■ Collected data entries
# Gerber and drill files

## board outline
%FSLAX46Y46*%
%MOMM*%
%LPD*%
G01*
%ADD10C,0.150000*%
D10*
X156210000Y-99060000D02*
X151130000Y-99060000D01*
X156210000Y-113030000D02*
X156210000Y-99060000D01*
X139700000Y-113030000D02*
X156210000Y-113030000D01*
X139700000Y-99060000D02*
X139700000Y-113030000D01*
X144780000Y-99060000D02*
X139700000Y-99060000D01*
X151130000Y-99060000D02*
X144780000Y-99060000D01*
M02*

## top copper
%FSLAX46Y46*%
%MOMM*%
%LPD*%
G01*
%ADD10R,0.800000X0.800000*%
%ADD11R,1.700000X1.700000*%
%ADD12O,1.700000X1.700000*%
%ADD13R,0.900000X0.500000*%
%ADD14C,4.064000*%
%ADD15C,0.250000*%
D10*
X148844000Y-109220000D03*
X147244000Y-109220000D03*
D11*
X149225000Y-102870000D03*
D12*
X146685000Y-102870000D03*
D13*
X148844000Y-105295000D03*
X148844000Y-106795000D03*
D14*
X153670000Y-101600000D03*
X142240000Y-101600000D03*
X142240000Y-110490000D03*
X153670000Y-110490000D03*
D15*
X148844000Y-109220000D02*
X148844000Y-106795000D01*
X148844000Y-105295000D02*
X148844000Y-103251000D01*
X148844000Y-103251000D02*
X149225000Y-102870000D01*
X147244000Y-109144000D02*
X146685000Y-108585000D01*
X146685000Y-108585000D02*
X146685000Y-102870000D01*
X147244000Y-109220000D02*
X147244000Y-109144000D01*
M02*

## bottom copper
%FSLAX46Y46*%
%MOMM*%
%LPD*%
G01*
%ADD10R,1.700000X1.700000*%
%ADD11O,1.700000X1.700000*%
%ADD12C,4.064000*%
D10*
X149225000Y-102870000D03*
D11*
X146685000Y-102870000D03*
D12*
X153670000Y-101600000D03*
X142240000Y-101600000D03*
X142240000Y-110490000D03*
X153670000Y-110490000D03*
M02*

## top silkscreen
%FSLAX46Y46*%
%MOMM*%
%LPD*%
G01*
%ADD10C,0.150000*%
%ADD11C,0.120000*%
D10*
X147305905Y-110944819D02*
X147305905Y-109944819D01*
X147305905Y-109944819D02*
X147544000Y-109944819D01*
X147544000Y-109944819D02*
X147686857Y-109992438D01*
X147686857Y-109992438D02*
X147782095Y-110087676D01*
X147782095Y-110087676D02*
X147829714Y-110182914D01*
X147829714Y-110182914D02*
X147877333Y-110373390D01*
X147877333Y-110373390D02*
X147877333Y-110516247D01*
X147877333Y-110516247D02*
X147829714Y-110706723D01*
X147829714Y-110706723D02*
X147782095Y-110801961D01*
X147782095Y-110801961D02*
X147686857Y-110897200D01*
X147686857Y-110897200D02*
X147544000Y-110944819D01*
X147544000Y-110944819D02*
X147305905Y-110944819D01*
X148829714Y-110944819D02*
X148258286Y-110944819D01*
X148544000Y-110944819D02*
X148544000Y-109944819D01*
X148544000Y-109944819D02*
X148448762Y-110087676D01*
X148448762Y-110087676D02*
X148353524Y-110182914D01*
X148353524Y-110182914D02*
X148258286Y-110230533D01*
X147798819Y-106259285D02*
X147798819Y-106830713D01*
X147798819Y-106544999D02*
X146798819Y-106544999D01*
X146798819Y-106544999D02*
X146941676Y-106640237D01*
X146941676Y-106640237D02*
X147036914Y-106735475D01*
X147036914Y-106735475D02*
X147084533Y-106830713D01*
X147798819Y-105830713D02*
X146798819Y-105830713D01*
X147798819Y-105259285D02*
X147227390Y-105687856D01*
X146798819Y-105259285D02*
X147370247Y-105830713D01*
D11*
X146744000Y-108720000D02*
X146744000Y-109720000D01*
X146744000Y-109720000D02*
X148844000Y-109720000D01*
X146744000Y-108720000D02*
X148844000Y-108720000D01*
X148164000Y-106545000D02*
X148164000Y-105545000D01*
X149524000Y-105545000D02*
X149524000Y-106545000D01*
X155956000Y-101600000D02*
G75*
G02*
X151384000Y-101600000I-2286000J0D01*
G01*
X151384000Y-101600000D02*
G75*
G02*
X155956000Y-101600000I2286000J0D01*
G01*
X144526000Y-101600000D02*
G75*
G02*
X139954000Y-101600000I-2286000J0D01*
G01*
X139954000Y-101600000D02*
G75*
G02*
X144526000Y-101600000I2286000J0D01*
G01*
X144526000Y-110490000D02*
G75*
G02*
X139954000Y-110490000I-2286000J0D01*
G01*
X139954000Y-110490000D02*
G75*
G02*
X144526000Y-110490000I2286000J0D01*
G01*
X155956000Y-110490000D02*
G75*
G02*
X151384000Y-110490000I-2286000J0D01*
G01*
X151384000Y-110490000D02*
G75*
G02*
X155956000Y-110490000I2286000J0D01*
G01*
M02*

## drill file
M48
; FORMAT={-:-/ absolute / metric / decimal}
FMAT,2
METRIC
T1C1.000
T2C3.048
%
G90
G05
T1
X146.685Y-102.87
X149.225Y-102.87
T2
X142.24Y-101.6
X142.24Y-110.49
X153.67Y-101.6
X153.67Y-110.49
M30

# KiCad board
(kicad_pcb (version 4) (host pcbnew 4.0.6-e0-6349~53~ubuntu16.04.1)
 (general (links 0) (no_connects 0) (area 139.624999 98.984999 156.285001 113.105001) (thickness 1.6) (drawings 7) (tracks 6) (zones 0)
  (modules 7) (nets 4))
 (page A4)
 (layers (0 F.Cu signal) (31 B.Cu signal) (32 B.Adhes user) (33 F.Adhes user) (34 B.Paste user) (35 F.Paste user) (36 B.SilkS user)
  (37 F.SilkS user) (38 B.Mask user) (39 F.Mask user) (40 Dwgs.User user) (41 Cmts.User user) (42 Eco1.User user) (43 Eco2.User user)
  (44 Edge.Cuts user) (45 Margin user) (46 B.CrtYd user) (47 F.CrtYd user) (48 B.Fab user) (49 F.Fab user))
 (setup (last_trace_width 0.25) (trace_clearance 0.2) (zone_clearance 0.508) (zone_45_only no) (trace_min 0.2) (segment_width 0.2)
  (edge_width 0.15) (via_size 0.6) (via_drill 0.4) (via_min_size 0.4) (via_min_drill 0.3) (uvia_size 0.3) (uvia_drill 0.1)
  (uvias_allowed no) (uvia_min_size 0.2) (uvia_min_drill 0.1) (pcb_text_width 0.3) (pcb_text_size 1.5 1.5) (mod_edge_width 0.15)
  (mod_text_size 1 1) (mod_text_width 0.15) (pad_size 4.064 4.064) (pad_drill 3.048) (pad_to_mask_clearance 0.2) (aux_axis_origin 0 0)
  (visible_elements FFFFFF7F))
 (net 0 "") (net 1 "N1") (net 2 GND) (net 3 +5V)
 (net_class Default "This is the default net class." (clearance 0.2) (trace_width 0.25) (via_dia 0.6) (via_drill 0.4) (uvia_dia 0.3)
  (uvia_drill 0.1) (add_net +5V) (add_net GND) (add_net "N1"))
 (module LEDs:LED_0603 (layer F.Cu) (at 148.044 109.22)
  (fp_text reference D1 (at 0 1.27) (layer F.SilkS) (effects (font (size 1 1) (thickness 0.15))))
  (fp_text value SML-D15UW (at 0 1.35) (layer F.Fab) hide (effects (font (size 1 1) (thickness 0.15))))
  (fp_line (start -1.3 -0.5) (end -1.3 0.5) (layer F.SilkS) (width 0.12))
  (fp_line (start -1.3 0.5) (end 0.8 0.5) (layer F.SilkS) (width 0.12))
  (fp_line (start -1.3 -0.5) (end 0.8 -0.5) (layer F.SilkS) (width 0.12))
  (pad 2 smd rect (at 0.8 0 180) (size 0.8 0.8) (layers F.Cu F.Paste F.Mask) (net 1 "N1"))
  (pad 1 smd rect (at -0.8 0 180) (size 0.8 0.8) (layers F.Cu F.Paste F.Mask) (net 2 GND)))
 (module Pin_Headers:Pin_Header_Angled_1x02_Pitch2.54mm (layer B.Cu) (at 149.225 102.87 90)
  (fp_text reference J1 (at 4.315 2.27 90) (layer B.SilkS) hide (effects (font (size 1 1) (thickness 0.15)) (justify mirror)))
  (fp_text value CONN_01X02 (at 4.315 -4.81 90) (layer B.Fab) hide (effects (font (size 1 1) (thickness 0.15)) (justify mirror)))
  (pad 1 thru_hole rect (at 0 0 90) (size 1.7 1.7) (drill 1) (layers *.Cu *.Mask) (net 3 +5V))
  (pad 2 thru_hole oval (at 0 -2.54 90) (size 1.7 1.7) (drill 1) (layers *.Cu *.Mask) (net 2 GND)))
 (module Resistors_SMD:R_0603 (layer F.Cu) (at 148.844 106.045 270)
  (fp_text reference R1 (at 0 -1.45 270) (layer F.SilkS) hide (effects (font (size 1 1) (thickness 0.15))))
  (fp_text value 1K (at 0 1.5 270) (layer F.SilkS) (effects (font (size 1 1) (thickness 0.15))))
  (fp_line (start 0.5 0.68) (end -0.5 0.68) (layer F.SilkS) (width 0.12))
  (fp_line (start -0.5 -0.68) (end 0.5 -0.68) (layer F.SilkS) (width 0.12))
  (pad 1 smd rect (at -0.75 0 270) (size 0.5 0.9) (layers F.Cu F.Paste F.Mask) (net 3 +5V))
  (pad 2 smd rect (at 0.75 0 270) (size 0.5 0.9) (layers F.Cu F.Paste F.Mask) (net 1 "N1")))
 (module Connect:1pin (layer F.Cu) (at 153.67 101.6)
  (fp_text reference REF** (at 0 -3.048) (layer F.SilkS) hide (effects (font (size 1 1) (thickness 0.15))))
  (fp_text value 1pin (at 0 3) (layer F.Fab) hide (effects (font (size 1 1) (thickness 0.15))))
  (fp_circle (center 0 0) (end 0 -2.286) (layer F.SilkS) (width 0.12))
  (pad "" np_thru_hole circle (at 0 0) (size 4.064 4.064) (drill 3.048) (layers *.Cu *.Mask)))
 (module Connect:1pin (layer F.Cu) (at 142.24 101.6)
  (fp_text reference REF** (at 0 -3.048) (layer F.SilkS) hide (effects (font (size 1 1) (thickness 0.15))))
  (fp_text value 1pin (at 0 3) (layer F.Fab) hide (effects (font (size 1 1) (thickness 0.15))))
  (fp_circle (center 0 0) (end 0 -2.286) (layer F.SilkS) (width 0.12))
  (pad "" np_thru_hole circle (at 0 0) (size 4.064 4.064) (drill 3.048) (layers *.Cu *.Mask)))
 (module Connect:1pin (layer F.Cu) (at 142.24 110.49)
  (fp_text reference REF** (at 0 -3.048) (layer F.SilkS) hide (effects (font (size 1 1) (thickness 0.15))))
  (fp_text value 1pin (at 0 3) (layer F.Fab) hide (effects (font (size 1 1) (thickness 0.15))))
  (fp_circle (center 0 0) (end 0 -2.286) (layer F.SilkS) (width 0.12))
  (pad "" np_thru_hole circle (at 0 0) (size 4.064 4.064) (drill 3.048) (layers *.Cu *.Mask)))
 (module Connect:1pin (layer F.Cu) (at 153.67 110.49)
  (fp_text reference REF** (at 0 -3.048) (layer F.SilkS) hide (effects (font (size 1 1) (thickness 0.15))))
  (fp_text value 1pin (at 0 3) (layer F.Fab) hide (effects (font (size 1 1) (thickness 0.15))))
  (fp_circle (center 0 0) (end 0 -2.286) (layer F.SilkS) (width 0.12))
  (pad "" np_thru_hole circle (at 0 0) (size 4.064 4.064) (drill 3.048) (layers *.Cu *.Mask)))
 (gr_line (start 156.21 99.06) (end 151.13 99.06) (layer Edge.Cuts) (width 0.15))
 (gr_line (start 156.21 113.03) (end 156.21 99.06) (layer Edge.Cuts) (width 0.15))
 (gr_line (start 139.7 113.03) (end 156.21 113.03) (layer Edge.Cuts) (width 0.15))
 (gr_line (start 139.7 99.06) (end 139.7 113.03) (layer Edge.Cuts) (width 0.15))
 (gr_line (start 144.78 99.06) (end 139.7 99.06) (layer Edge.Cuts) (width 0.15))
 (gr_line (start 151.13 99.06) (end 144.78 99.06) (layer Edge.Cuts) (width 0.15))
 (segment (start 148.844 109.22) (end 148.844 106.795) (width 0.25) (layer F.Cu) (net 1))
 (segment (start 148.844 105.295) (end 148.844 103.251) (width 0.25) (layer F.Cu) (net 3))
 (segment (start 148.844 103.251) (end 149.225 102.87) (width 0.25) (layer F.Cu) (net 3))
 (segment (start 147.244 109.144) (end 146.685 108.585) (width 0.25) (layer F.Cu) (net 2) (status 10))
 (segment (start 146.685 108.585) (end 146.685 102.87) (width 0.25) (layer F.Cu) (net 2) (status 20))
 (segment (start 147.244 109.22) (end 147.244 109.144) (width 0.25) (layer F.Cu) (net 2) (status 30)))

■ Assigned task
Could you set down, exactly as written, the lines above between the one holding "X148844000Y-105295000D03*" and the one holding "X147877333Y-110516247D01*", inclusive, and nothing more?

■ Answer box
X148844000Y-105295000D03*
X148844000Y-106795000D03*
D14*
X153670000Y-101600000D03*
X142240000Y-101600000D03*
X142240000Y-110490000D03*
X153670000Y-110490000D03*
D15*
X148844000Y-109220000D02*
X148844000Y-106795000D01*
X148844000Y-105295000D02*
X148844000Y-103251000D01*
X148844000Y-103251000D02*
X149225000Y-102870000D01*
X147244000Y-109144000D02*
X146685000Y-108585000D01*
X146685000Y-108585000D02*
X146685000Y-102870000D01*
X147244000Y-109220000D02*
X147244000Y-109144000D01*
M02*

## bottom copper
%FSLAX46Y46*%
%MOMM*%
%LPD*%
G01*
%ADD10R,1.700000X1.700000*%
%ADD11O,1.700000X1.700000*%
%ADD12C,4.064000*%
D10*
X149225000Y-102870000D03*
D11*
X146685000Y-102870000D03*
D12*
X153670000Y-101600000D03*
X142240000Y-101600000D03*
X142240000Y-110490000D03*
X153670000Y-110490000D03*
M02*

## top silkscreen
%FSLAX46Y46*%
%MOMM*%
%LPD*%
G01*
%ADD10C,0.150000*%
%ADD11C,0.120000*%
D10*
X147305905Y-110944819D02*
X147305905Y-109944819D01*
X147305905Y-109944819D02*
X147544000Y-109944819D01*
X147544000Y-109944819D02*
X147686857Y-109992438D01*
X147686857Y-109992438D02*
X147782095Y-110087676D01*
X147782095Y-110087676D02*
X147829714Y-110182914D01*
X147829714Y-110182914D02*
X147877333Y-110373390D01*
X147877333Y-110373390D02*
X147877333Y-110516247D01*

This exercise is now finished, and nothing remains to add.